# Police Guards



## Hilly10 (Feb 4, 2004)

This as very nearly sent me over the top. Why on earth should a family have two police officers guarding their front door(fucking Gordo only gets one) when the supposed kidnapping happened in Pakistan (very suspect) cannot see what danger could occur here, top officers from the force are involved god knows how much resources money as been used. Hello it happened in Pakistan let them sort it fucking out. I have a drunk driver hit me up the arse telephone cops give them the reg witness etc whats done Fuck All. They tell me we have nobody around at the moment . I am just so fucking fed up with this country :evil: :evil: :evil: :evil: :evil: :evil: :evil: :evil: :evil: :evil: :evil: :evil: :evil: :evil: :evil: :evil: :evil:


----------



## SAJ77 (Nov 16, 2008)

I saw that and thought the exact same thing as you - A great use of police resources! :?

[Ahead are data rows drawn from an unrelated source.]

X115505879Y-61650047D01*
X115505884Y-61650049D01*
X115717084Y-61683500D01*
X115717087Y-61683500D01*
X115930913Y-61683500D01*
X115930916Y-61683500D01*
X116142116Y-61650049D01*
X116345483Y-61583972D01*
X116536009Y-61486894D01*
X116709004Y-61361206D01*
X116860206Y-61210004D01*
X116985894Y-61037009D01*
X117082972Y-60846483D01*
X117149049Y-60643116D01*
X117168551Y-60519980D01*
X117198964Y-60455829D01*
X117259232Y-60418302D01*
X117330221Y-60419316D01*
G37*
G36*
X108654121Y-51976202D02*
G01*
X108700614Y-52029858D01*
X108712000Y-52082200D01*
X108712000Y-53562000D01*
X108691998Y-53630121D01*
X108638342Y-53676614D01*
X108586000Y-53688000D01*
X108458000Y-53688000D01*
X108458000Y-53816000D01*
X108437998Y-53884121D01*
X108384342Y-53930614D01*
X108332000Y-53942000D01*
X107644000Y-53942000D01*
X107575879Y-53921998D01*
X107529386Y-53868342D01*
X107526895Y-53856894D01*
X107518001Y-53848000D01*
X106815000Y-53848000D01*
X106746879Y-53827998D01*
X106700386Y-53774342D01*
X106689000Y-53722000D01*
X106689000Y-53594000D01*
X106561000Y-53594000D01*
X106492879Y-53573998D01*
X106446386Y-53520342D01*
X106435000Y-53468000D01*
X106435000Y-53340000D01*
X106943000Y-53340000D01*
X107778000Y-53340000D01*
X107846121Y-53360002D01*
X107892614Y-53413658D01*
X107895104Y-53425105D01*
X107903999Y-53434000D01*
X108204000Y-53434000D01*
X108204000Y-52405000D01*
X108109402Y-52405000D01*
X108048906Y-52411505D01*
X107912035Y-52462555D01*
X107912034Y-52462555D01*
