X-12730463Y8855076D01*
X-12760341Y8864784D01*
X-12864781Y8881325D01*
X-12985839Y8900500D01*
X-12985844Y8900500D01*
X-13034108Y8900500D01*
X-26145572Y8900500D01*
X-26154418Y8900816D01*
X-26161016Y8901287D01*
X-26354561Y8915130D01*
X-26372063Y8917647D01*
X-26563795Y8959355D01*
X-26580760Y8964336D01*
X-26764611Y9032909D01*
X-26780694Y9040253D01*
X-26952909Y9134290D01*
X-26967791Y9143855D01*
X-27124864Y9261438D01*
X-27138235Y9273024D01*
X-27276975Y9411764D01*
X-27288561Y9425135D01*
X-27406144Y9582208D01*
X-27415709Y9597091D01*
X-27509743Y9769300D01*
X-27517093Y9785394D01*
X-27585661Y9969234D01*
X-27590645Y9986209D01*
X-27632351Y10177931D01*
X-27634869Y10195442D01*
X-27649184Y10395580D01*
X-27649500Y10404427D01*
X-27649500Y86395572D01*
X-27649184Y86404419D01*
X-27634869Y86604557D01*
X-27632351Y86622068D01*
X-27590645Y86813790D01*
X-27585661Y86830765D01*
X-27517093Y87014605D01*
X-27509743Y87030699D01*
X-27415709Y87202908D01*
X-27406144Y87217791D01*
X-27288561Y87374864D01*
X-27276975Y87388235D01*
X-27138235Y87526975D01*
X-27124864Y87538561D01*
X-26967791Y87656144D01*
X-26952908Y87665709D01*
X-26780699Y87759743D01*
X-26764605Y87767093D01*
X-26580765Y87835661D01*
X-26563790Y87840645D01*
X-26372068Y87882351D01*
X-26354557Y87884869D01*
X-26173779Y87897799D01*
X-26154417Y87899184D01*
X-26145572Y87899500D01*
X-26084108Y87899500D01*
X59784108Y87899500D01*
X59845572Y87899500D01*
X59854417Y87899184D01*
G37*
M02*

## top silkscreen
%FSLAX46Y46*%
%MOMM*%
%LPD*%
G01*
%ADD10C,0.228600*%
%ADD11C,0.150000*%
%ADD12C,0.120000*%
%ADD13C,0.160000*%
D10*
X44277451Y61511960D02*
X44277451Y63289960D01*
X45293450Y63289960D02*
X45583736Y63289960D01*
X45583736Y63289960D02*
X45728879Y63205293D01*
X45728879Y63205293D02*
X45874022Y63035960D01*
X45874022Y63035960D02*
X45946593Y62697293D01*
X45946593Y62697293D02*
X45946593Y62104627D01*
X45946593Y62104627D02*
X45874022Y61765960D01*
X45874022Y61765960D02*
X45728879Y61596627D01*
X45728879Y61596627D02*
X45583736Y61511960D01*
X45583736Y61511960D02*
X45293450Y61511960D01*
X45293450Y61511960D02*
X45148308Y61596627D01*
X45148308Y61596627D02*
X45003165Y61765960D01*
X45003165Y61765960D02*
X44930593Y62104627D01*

Regarding the so called kidnapping - It looks like an 'inside' job! Very dubious circumstances!

Saj


----------



## T3RBO (Dec 9, 2003)

I was just glad to hear they got their son back unharmed :?


----------



## Hilly10 (Feb 4, 2004)

T3RBO said:


> I was just glad to hear they got their son back unharmed :?

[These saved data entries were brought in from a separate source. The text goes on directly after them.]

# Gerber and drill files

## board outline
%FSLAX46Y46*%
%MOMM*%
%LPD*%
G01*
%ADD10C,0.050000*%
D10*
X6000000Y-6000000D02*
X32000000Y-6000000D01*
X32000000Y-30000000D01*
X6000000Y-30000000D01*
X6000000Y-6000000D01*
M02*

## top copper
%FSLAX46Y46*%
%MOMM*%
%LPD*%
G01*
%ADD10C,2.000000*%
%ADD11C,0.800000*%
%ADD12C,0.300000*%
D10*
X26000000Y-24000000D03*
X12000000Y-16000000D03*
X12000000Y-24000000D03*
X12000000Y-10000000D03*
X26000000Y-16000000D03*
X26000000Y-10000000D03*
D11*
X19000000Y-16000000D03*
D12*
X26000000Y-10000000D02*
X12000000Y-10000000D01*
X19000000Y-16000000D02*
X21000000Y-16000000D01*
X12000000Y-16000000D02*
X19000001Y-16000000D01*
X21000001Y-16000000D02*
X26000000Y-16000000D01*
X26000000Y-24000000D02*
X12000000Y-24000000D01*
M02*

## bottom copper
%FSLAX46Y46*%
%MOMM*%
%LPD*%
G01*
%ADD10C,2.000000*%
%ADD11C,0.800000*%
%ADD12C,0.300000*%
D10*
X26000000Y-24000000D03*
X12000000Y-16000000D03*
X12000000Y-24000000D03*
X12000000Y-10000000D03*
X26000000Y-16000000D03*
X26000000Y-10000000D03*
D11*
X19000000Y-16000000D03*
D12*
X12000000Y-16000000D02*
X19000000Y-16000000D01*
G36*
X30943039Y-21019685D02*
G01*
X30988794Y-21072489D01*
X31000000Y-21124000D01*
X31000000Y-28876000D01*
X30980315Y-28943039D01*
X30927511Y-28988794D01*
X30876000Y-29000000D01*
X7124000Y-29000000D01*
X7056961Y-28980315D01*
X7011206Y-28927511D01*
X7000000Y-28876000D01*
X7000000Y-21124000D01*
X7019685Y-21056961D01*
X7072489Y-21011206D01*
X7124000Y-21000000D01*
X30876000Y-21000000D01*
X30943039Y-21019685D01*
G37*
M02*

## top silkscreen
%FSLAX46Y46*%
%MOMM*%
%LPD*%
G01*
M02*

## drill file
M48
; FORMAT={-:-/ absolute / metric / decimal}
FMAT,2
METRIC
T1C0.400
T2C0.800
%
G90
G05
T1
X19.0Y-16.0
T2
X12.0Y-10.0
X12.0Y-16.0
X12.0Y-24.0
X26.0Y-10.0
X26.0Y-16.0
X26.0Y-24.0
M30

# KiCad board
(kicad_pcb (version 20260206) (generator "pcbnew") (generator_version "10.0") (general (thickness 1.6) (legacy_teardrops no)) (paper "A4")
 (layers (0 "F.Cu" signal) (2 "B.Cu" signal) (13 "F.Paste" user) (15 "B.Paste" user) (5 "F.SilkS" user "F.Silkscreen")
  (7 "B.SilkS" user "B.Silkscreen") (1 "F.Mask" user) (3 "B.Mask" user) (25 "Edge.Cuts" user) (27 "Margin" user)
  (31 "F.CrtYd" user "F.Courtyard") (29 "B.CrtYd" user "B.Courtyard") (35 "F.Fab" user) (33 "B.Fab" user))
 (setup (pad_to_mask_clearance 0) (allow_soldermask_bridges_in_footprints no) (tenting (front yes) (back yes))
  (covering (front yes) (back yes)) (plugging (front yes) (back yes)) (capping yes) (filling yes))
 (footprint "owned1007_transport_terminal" (layer "F.Cu") (at 26 24)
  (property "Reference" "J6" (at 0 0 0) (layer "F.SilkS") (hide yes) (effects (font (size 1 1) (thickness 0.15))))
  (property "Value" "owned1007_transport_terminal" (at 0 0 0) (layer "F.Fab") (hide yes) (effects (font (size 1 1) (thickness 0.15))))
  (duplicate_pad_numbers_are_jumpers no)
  (pad "1" thru_hole circle (at 0 0) (size 2 2) (drill 0.8) (layers "*.Cu" "*.Mask") (remove_unused_layers no) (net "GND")))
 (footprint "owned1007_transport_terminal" (layer "F.Cu") (at 12 16)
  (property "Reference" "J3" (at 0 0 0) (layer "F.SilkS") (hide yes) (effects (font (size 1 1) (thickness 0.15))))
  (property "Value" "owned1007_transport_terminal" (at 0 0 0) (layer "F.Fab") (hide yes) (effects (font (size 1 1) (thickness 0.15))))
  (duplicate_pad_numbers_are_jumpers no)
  (pad "1" thru_hole circle (at 0 0) (size 2 2) (drill 0.8) (layers "*.Cu" "*.Mask") (remove_unused_layers no) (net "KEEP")))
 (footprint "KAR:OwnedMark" (layer "F.Cu") (at 10 28)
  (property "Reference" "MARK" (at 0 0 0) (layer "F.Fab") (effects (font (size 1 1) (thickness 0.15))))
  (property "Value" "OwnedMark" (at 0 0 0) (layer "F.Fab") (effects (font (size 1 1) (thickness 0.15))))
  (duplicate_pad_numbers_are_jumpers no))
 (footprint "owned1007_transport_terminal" (layer "F.Cu") (at 12 24)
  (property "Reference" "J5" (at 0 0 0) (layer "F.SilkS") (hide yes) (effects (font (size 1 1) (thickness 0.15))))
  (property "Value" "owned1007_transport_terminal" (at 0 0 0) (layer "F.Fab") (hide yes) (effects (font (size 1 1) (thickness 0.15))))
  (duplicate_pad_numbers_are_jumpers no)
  (pad "1" thru_hole circle (at 0 0) (size 2 2) (drill 0.8) (layers "*.Cu" "*.Mask") (remove_unused_layers no) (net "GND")))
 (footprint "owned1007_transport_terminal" (layer "F.Cu") (at 12 10)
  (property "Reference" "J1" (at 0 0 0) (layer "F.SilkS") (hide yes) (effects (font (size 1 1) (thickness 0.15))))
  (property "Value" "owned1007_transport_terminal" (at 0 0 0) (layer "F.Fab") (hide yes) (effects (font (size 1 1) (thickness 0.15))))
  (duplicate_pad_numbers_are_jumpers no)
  (pad "1" thru_hole circle (at 0 0) (size 2 2) (drill 0.8) (layers "*.Cu" "*.Mask") (remove_unused_layers no) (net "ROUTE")))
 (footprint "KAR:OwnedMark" (layer "F.Cu") (at 13 28)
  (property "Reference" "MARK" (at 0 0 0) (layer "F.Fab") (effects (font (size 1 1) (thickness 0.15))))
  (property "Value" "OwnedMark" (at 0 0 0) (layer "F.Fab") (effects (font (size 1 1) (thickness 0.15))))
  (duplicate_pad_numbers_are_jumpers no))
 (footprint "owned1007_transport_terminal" (layer "F.Cu") (at 26 16)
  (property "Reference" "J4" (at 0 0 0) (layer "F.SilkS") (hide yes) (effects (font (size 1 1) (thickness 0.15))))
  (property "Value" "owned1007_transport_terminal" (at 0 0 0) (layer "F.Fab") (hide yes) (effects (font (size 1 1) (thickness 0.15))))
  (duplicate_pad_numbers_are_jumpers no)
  (pad "1" thru_hole circle (at 0 0) (size 2 2) (drill 0.8) (layers "*.Cu" "*.Mask") (remove_unused_layers no) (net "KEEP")))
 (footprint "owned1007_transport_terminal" (layer "F.Cu") (at 26 10)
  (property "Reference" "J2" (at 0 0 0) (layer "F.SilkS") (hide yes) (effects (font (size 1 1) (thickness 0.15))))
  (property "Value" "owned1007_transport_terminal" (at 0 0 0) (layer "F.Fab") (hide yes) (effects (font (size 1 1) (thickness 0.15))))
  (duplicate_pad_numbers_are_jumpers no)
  (pad "1" thru_hole circle (at 0 0) (size 2 2) (drill 0.8) (layers "*.Cu" "*.Mask") (remove_unused_layers no) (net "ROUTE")))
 (gr_rect (start 6 6) (end 32 30) (stroke (width 0.05) (type default)) (fill no) (layer "Edge.Cuts"))
 (segment (start 26 10) (end 12 10) (width 0.3) (layer "F.Cu") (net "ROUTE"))
 (segment (start 19 16) (end 21 16) (width 0.3) (layer "F.Cu") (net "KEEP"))
 (segment (start 12 16) (end 19.000001 16) (width 0.3) (layer "F.Cu") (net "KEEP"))
 (segment (start 21.000001 16) (end 26 16) (width 0.3) (layer "F.Cu") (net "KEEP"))
 (via (at 19 16) (size 0.8) (drill 0.4) (layers "F.Cu" "B.Cu") (free yes) (capping no) (covering (front no) (back no))
  (plugging (front no) (back no)) (filling no) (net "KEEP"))
 (segment (start 12 16) (end 19 16) (width 0.3) (locked yes) (layer "B.Cu") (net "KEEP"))
 (segment (start 26 24) (end 12 24) (width 0.3) (layer "F.Cu") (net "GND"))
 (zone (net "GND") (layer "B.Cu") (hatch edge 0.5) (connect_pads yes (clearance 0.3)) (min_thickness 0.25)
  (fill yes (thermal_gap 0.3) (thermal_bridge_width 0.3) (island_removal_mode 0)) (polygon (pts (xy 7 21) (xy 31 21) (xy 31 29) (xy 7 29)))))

Never in doubt me old china. One big money Scam :wink: Why do you think he would not let the mother go with them


----------



## bella_beetle2.0 (Feb 9, 2010)

what i want to know is why do so many children go missing? what are the parents doing ? why are they not watching them :? ?
*especially in a foriegn country!! :evil: *


----------



## Mark Davies (Apr 10, 2007)

I suspect they were there to control the wonderful British press, who after all are well known for their 'restraint'. :roll:


----------



## Bikerz (Aug 23, 2008)

Mark Davies said:


> I suspect they were there to control the wonderful British press, who after all are well known for their 'restraint'. :roll:


I dont want to, but I agree with Mark. :lol:


----------



## ScoobyTT (Aug 24, 2009)

Hilly10 said:


> This as very nearly sent me over the top. Why on earth should a family have two police officers guarding their front door(fucking Gordo only gets one) when the supposed kidnapping happened in Pakistan..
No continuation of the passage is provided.